(Extracted records)
-----
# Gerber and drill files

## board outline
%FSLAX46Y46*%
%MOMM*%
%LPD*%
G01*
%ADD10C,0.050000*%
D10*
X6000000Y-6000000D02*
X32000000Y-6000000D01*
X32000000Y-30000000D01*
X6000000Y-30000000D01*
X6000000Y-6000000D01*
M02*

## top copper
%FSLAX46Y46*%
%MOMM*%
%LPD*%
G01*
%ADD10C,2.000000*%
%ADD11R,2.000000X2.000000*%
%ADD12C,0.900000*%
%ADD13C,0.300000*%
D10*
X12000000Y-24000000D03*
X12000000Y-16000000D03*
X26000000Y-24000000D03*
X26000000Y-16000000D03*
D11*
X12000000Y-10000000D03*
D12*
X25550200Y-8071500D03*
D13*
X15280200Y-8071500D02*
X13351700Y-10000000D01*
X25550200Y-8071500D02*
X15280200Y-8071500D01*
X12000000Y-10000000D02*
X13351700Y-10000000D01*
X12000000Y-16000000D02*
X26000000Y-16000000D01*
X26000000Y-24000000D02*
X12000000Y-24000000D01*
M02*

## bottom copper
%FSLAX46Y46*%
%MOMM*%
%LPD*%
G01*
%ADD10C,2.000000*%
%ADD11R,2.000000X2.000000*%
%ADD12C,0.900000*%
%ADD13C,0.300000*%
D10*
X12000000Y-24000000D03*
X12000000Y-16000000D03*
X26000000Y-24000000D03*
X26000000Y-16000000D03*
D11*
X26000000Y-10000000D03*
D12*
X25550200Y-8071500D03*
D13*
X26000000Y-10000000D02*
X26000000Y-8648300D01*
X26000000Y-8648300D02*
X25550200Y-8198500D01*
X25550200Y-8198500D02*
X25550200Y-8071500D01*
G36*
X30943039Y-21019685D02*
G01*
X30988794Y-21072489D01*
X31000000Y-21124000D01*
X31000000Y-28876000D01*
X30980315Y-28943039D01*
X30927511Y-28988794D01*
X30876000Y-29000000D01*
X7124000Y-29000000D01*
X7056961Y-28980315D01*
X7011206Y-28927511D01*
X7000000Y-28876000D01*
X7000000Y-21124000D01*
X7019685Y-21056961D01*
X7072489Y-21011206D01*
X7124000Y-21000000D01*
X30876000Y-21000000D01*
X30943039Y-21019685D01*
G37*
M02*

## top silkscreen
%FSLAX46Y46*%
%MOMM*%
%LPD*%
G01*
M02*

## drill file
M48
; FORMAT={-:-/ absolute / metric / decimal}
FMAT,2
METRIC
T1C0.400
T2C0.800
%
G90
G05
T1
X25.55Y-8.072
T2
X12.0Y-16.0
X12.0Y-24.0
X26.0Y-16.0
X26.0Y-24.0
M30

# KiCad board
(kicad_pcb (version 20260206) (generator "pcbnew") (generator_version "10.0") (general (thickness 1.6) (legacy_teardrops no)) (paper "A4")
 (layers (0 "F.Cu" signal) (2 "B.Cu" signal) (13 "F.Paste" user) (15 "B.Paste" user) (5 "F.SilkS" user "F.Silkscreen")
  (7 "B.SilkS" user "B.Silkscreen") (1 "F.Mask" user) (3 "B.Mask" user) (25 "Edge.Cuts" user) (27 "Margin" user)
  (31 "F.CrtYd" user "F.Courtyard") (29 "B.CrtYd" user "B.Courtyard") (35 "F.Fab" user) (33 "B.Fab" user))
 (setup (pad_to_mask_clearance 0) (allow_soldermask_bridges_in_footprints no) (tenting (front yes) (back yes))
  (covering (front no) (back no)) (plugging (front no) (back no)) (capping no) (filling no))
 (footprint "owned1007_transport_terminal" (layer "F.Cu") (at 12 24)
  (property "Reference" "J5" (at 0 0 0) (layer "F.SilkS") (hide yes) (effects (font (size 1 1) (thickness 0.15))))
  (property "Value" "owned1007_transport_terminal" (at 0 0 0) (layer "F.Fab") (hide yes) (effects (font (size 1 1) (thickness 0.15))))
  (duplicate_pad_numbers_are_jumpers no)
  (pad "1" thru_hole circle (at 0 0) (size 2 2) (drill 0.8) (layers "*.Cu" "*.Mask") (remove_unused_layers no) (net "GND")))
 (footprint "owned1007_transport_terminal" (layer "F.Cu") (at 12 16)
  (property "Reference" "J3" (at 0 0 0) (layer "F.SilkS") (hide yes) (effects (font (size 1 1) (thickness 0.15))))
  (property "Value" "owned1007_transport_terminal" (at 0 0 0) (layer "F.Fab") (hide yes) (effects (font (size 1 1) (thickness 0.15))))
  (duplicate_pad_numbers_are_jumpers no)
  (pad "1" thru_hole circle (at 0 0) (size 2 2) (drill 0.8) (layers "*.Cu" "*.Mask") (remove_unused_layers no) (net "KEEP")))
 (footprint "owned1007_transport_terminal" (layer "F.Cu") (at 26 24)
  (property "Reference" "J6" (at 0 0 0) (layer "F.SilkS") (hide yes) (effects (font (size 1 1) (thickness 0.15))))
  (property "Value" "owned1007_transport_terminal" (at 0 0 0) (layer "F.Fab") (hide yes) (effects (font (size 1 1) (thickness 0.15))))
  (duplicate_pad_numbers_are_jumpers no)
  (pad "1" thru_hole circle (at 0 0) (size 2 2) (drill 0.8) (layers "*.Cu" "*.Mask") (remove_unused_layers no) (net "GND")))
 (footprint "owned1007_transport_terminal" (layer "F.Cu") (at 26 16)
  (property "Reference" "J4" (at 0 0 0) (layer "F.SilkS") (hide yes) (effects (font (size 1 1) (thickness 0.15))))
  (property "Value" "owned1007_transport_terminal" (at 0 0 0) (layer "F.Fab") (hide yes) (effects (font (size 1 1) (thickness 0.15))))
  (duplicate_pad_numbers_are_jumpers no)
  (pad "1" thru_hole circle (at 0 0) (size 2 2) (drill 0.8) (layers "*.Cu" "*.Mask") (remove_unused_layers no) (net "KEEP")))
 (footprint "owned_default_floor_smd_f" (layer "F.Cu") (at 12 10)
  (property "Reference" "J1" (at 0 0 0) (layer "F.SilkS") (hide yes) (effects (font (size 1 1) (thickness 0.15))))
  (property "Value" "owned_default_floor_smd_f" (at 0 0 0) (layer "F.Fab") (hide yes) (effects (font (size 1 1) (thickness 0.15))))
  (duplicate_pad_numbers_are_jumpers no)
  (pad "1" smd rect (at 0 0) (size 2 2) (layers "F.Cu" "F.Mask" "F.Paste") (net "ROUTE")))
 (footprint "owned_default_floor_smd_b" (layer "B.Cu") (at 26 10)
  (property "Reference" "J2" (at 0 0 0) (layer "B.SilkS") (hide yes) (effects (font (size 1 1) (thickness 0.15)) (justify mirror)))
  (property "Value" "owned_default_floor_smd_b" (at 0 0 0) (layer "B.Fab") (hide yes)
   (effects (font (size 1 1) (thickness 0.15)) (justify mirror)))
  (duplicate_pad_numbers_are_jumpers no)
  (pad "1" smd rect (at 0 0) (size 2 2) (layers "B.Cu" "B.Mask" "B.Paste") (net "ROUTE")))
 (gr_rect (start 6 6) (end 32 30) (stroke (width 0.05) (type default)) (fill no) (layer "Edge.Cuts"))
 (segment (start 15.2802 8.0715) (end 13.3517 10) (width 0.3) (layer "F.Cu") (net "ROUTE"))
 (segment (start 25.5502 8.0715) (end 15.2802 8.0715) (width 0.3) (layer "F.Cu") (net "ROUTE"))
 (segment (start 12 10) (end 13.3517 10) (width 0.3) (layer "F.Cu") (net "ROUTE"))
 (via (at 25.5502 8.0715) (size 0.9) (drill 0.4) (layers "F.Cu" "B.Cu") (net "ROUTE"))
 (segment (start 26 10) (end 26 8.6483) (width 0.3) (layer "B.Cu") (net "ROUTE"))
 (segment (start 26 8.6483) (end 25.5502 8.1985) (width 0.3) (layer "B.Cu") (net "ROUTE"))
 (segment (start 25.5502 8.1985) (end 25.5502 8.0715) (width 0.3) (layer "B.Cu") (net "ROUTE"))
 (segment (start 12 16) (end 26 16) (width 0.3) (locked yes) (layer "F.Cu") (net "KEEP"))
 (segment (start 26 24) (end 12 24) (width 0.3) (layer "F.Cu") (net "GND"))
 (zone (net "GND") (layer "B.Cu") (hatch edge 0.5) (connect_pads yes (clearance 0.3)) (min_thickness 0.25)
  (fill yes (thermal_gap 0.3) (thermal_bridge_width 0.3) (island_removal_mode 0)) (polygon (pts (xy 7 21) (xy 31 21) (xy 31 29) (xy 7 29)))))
-----
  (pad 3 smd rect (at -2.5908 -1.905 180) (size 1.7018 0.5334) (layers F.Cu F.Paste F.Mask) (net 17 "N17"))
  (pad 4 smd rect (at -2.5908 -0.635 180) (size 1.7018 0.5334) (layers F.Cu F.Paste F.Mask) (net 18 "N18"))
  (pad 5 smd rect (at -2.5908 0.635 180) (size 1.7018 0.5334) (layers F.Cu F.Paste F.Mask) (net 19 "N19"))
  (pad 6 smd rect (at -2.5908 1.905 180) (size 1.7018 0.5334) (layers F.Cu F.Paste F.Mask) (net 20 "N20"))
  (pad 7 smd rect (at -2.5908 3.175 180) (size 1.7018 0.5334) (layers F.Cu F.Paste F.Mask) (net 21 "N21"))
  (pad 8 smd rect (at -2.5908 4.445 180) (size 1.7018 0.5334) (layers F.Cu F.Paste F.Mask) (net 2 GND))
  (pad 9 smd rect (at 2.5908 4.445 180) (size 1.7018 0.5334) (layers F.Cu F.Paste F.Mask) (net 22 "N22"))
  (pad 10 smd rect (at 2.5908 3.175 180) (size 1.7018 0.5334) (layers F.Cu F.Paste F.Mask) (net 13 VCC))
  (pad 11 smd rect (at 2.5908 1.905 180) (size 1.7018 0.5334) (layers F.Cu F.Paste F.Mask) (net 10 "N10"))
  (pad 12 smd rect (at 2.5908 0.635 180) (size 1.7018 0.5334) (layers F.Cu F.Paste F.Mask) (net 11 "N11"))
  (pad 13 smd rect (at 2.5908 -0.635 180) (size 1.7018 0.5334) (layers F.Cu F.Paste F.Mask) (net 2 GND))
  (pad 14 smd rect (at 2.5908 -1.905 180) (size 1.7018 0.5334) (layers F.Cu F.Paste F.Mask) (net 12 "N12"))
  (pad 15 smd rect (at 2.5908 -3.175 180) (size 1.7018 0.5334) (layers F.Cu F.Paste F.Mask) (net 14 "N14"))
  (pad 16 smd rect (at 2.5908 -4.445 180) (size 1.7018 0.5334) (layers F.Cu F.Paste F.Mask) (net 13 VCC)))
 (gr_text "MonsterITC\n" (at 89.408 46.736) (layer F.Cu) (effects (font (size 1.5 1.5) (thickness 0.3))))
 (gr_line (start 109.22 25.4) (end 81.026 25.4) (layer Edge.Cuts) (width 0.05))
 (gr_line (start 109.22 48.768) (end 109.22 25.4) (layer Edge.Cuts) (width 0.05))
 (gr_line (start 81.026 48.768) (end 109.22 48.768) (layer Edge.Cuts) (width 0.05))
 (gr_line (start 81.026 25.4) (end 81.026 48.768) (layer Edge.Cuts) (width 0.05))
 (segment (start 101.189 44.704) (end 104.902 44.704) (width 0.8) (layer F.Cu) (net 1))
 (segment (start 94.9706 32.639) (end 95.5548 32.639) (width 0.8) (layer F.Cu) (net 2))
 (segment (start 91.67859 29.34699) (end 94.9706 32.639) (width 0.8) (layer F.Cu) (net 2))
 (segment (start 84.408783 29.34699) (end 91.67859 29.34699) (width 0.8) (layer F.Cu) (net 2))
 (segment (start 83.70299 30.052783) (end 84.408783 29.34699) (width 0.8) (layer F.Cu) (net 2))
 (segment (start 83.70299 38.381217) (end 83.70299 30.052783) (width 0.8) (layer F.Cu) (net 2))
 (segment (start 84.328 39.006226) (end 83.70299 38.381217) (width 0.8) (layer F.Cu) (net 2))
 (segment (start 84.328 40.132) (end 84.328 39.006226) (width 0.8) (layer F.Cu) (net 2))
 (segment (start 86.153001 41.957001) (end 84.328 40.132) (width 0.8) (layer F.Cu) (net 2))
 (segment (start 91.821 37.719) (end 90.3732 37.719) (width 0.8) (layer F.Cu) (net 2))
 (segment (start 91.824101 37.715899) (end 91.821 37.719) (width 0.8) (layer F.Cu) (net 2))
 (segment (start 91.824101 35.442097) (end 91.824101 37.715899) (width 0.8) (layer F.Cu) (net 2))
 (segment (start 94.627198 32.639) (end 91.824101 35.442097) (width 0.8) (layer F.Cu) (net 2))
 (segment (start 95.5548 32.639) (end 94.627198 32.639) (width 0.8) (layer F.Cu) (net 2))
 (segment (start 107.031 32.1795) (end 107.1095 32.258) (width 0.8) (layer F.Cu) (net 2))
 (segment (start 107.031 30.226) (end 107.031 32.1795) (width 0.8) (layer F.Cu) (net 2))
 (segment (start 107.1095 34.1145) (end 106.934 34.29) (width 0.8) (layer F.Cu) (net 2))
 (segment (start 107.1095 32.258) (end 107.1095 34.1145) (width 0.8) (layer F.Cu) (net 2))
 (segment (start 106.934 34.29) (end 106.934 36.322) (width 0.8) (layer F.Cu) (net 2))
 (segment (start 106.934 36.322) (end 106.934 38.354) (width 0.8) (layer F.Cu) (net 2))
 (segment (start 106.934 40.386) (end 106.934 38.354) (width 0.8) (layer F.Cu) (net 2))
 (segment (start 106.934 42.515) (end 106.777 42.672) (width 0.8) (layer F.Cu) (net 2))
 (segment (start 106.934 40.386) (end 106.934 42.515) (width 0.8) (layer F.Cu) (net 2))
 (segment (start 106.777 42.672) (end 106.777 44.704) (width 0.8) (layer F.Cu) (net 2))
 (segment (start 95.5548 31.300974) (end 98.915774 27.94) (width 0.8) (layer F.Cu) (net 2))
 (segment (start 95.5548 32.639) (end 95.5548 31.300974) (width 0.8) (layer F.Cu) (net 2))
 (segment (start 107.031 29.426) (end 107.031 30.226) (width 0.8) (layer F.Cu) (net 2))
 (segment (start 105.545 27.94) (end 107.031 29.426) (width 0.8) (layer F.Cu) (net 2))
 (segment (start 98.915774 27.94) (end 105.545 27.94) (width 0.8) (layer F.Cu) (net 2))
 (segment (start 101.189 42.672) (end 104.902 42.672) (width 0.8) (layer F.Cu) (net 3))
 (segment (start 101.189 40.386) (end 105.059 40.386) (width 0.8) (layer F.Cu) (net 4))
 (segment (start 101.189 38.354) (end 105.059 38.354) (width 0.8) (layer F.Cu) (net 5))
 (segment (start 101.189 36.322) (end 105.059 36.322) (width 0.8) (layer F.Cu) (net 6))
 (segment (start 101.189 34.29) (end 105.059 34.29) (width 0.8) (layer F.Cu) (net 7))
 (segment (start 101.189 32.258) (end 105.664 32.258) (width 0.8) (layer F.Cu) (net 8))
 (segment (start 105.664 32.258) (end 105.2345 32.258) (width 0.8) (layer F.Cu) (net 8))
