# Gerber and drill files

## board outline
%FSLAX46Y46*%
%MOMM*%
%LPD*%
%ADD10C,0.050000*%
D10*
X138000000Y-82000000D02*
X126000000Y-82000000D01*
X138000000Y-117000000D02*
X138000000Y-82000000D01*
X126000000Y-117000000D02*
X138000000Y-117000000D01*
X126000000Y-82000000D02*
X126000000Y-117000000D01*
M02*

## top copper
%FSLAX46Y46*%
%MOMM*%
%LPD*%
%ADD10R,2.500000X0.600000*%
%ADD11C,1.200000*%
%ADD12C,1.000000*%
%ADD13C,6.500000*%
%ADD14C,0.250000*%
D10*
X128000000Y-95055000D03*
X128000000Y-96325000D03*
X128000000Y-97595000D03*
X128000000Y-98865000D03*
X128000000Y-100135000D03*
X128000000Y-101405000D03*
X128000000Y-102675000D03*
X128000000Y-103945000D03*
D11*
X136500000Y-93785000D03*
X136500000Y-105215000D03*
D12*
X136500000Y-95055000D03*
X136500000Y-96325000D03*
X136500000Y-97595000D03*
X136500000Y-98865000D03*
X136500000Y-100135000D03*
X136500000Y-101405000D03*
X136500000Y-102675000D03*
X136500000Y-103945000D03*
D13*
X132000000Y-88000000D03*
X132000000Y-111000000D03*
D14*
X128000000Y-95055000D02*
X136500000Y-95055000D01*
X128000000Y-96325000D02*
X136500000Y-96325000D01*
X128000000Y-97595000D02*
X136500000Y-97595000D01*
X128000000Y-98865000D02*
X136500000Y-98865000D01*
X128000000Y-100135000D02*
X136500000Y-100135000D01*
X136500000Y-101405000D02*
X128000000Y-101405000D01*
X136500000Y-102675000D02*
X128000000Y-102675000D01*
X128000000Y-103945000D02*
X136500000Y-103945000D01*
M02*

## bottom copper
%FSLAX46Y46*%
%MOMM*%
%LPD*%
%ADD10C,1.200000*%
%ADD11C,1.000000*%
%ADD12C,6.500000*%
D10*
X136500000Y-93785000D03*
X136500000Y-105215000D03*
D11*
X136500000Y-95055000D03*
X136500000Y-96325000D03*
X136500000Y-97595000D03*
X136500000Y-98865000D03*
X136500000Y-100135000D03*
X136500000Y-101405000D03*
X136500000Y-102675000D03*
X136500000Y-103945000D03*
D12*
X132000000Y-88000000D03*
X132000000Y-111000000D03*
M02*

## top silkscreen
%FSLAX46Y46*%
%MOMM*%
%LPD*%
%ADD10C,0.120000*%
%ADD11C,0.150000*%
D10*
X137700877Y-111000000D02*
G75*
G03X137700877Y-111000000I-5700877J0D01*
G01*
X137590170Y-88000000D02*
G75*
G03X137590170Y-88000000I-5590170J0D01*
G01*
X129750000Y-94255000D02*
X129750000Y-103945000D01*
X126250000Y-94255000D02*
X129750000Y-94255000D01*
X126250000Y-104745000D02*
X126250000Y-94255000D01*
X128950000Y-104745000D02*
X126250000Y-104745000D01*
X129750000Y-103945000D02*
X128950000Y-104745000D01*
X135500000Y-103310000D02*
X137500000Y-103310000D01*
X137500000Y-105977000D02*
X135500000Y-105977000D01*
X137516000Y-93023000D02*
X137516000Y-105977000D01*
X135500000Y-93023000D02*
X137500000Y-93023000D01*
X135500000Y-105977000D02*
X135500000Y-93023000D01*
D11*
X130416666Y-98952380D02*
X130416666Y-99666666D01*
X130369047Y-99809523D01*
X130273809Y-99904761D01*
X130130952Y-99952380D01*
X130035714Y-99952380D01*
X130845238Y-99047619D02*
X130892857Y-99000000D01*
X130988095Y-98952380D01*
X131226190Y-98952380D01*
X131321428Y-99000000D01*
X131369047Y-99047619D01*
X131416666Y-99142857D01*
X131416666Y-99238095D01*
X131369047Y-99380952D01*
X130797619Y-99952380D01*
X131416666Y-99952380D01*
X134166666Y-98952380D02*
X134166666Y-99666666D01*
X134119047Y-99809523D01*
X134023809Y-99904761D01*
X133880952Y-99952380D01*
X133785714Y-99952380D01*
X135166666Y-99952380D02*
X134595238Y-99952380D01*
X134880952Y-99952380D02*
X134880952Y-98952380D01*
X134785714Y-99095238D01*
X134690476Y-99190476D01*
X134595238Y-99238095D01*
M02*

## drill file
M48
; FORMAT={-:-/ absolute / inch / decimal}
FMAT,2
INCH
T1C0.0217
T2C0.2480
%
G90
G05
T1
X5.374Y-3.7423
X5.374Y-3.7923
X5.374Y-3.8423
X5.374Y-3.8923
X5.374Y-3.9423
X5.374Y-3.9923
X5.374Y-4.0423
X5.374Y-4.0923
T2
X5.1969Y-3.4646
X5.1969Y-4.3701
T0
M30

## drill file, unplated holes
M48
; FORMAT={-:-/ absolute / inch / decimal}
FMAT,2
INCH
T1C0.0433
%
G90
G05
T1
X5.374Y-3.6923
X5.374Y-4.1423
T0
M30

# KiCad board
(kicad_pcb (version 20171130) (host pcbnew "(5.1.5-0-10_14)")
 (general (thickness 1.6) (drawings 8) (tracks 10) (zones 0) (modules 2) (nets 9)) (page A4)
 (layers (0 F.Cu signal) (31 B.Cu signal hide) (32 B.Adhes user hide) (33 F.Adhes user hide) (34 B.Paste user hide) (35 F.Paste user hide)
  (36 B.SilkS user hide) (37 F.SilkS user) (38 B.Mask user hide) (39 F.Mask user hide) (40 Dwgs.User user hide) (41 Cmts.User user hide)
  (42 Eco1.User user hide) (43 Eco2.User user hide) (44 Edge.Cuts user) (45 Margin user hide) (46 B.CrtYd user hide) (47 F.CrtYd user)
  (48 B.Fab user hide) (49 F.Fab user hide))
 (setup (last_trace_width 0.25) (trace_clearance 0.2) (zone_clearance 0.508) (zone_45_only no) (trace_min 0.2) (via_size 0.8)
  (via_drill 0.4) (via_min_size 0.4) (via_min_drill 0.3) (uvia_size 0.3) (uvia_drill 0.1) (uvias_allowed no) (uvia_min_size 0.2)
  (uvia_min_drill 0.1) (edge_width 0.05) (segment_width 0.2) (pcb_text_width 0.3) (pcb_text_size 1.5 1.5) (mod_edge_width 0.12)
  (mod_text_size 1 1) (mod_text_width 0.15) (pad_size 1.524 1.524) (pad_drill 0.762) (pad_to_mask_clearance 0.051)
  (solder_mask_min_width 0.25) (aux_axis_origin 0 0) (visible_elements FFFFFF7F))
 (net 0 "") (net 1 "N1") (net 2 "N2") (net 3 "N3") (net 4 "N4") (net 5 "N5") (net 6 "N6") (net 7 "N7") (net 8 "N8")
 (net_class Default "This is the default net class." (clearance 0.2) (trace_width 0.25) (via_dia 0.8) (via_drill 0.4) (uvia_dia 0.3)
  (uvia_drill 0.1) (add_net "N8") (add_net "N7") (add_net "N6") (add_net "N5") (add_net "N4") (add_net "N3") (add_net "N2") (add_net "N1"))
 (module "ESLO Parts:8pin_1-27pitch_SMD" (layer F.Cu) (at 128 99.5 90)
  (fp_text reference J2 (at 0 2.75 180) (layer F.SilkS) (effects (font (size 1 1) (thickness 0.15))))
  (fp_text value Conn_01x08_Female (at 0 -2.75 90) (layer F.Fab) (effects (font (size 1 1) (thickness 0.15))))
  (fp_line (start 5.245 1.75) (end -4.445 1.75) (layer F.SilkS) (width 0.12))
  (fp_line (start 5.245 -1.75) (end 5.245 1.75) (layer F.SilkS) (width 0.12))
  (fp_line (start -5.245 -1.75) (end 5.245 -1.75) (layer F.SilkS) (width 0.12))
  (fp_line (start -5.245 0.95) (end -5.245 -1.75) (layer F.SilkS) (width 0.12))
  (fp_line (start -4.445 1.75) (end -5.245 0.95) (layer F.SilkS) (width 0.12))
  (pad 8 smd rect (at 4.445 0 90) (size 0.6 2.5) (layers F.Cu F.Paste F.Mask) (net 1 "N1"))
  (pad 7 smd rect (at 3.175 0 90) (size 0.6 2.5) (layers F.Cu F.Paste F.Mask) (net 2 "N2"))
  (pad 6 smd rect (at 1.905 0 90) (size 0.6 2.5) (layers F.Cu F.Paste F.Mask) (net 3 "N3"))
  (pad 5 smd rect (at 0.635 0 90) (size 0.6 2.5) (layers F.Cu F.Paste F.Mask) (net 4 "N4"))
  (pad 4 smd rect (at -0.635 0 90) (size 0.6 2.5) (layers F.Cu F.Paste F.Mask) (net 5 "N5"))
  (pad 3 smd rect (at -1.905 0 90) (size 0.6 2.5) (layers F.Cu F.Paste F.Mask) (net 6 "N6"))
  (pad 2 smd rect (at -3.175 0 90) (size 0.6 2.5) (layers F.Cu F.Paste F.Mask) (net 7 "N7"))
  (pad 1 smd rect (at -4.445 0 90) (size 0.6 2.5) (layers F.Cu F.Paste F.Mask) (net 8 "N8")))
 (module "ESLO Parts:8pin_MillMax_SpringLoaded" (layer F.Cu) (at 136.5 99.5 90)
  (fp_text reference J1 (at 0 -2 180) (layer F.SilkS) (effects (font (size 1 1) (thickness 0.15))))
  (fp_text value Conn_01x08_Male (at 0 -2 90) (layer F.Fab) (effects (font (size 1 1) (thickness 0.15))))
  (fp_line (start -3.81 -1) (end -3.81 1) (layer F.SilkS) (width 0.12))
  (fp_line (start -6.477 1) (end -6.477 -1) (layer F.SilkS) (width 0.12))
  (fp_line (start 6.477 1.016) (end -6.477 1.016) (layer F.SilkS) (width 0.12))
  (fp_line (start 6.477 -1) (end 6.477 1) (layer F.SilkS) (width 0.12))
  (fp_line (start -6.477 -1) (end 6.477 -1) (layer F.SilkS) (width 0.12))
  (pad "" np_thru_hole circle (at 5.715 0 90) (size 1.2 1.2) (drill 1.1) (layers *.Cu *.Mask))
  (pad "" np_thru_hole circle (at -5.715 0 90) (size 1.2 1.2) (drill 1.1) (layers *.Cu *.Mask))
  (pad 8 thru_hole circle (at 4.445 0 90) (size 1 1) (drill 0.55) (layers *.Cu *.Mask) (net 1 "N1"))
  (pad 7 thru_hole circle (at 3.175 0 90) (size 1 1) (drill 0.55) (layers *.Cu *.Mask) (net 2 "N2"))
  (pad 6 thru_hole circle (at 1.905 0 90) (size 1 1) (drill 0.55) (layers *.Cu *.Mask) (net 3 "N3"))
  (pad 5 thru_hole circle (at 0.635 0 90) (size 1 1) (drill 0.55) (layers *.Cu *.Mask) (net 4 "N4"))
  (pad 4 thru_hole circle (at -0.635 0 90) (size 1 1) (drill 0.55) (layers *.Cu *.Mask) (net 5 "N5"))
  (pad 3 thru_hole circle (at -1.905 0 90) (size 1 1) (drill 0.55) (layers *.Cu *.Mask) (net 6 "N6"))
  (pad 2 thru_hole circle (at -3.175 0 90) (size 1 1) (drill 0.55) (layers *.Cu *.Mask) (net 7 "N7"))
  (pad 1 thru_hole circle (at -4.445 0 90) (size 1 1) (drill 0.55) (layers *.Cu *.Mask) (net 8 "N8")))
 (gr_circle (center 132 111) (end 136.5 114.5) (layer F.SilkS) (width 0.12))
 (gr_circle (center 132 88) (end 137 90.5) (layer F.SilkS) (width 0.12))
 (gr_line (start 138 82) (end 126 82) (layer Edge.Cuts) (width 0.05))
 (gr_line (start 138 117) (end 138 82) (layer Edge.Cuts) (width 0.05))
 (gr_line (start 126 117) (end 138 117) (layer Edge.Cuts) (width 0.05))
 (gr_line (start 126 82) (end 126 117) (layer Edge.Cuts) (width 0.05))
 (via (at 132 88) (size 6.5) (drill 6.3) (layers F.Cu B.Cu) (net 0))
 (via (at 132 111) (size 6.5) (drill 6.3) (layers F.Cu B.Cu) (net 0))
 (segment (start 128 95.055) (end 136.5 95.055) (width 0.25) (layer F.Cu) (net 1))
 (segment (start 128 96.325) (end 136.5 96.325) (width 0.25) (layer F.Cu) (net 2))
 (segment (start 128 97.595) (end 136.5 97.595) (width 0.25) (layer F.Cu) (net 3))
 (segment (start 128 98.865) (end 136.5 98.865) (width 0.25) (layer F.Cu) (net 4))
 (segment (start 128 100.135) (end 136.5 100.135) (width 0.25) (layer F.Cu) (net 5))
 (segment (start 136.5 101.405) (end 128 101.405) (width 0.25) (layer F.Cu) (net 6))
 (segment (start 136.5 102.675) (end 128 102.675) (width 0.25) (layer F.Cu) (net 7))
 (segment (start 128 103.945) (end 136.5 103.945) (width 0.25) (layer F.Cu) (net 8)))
-----
**Assigned task:**
Given the records above, reproduce precisely and only the lines between the line holding "X135500000Y-103310000D02*" and the line holding "(42 Eco1.User user", inclusive.

**Final answer:**
X135500000Y-103310000D02*
X137500000Y-103310000D01*
X137500000Y-105977000D02*
X135500000Y-105977000D01*
X137516000Y-93023000D02*
X137516000Y-105977000D01*
X135500000Y-93023000D02*
X137500000Y-93023000D01*
X135500000Y-105977000D02*
X135500000Y-93023000D01*
D11*
X130416666Y-98952380D02*
X130416666Y-99666666D01*
X130369047Y-99809523D01*
X130273809Y-99904761D01*
X130130952Y-99952380D01*
X130035714Y-99952380D01*
X130845238Y-99047619D02*
X130892857Y-99000000D01*
X130988095Y-98952380D01*
X131226190Y-98952380D01*
X131321428Y-99000000D01*
X131369047Y-99047619D01*
X131416666Y-99142857D01*
X131416666Y-99238095D01*
X131369047Y-99380952D01*
X130797619Y-99952380D01*
X131416666Y-99952380D01*
X134166666Y-98952380D02*
X134166666Y-99666666D01*
X134119047Y-99809523D01*
X134023809Y-99904761D01*
X133880952Y-99952380D01*
X133785714Y-99952380D01*
X135166666Y-99952380D02*
X134595238Y-99952380D01*
X134880952Y-99952380D02*
X134880952Y-98952380D01*
X134785714Y-99095238D01*
X134690476Y-99190476D01*
X134595238Y-99238095D01*
M02*

## drill file
M48
; FORMAT={-:-/ absolute / inch / decimal}
FMAT,2
INCH
T1C0.0217
T2C0.2480
%
G90
G05
T1
X5.374Y-3.7423
X5.374Y-3.7923
X5.374Y-3.8423
X5.374Y-3.8923
X5.374Y-3.9423
X5.374Y-3.9923
X5.374Y-4.0423
X5.374Y-4.0923
T2
X5.1969Y-3.4646
X5.1969Y-4.3701
T0
M30

## drill file, unplated holes
M48
; FORMAT={-:-/ absolute / inch / decimal}
FMAT,2
INCH
T1C0.0433
%
G90
G05
T1
X5.374Y-3.6923
X5.374Y-4.1423
T0
M30

# KiCad board
(kicad_pcb (version 20171130) (host pcbnew "(5.1.5-0-10_14)")
 (general (thickness 1.6) (drawings 8) (tracks 10) (zones 0) (modules 2) (nets 9)) (page A4)
 (layers (0 F.Cu signal) (31 B.Cu signal hide) (32 B.Adhes user hide) (33 F.Adhes user hide) (34 B.Paste user hide) (35 F.Paste user hide)
  (36 B.SilkS user hide) (37 F.SilkS user) (38 B.Mask user hide) (39 F.Mask user hide) (40 Dwgs.User user hide) (41 Cmts.User user hide)
  (42 Eco1.User user hide) (43 Eco2.User user hide) (44 Edge.Cuts user) (45 Margin user hide) (46 B.CrtYd user hide) (47 F.CrtYd user)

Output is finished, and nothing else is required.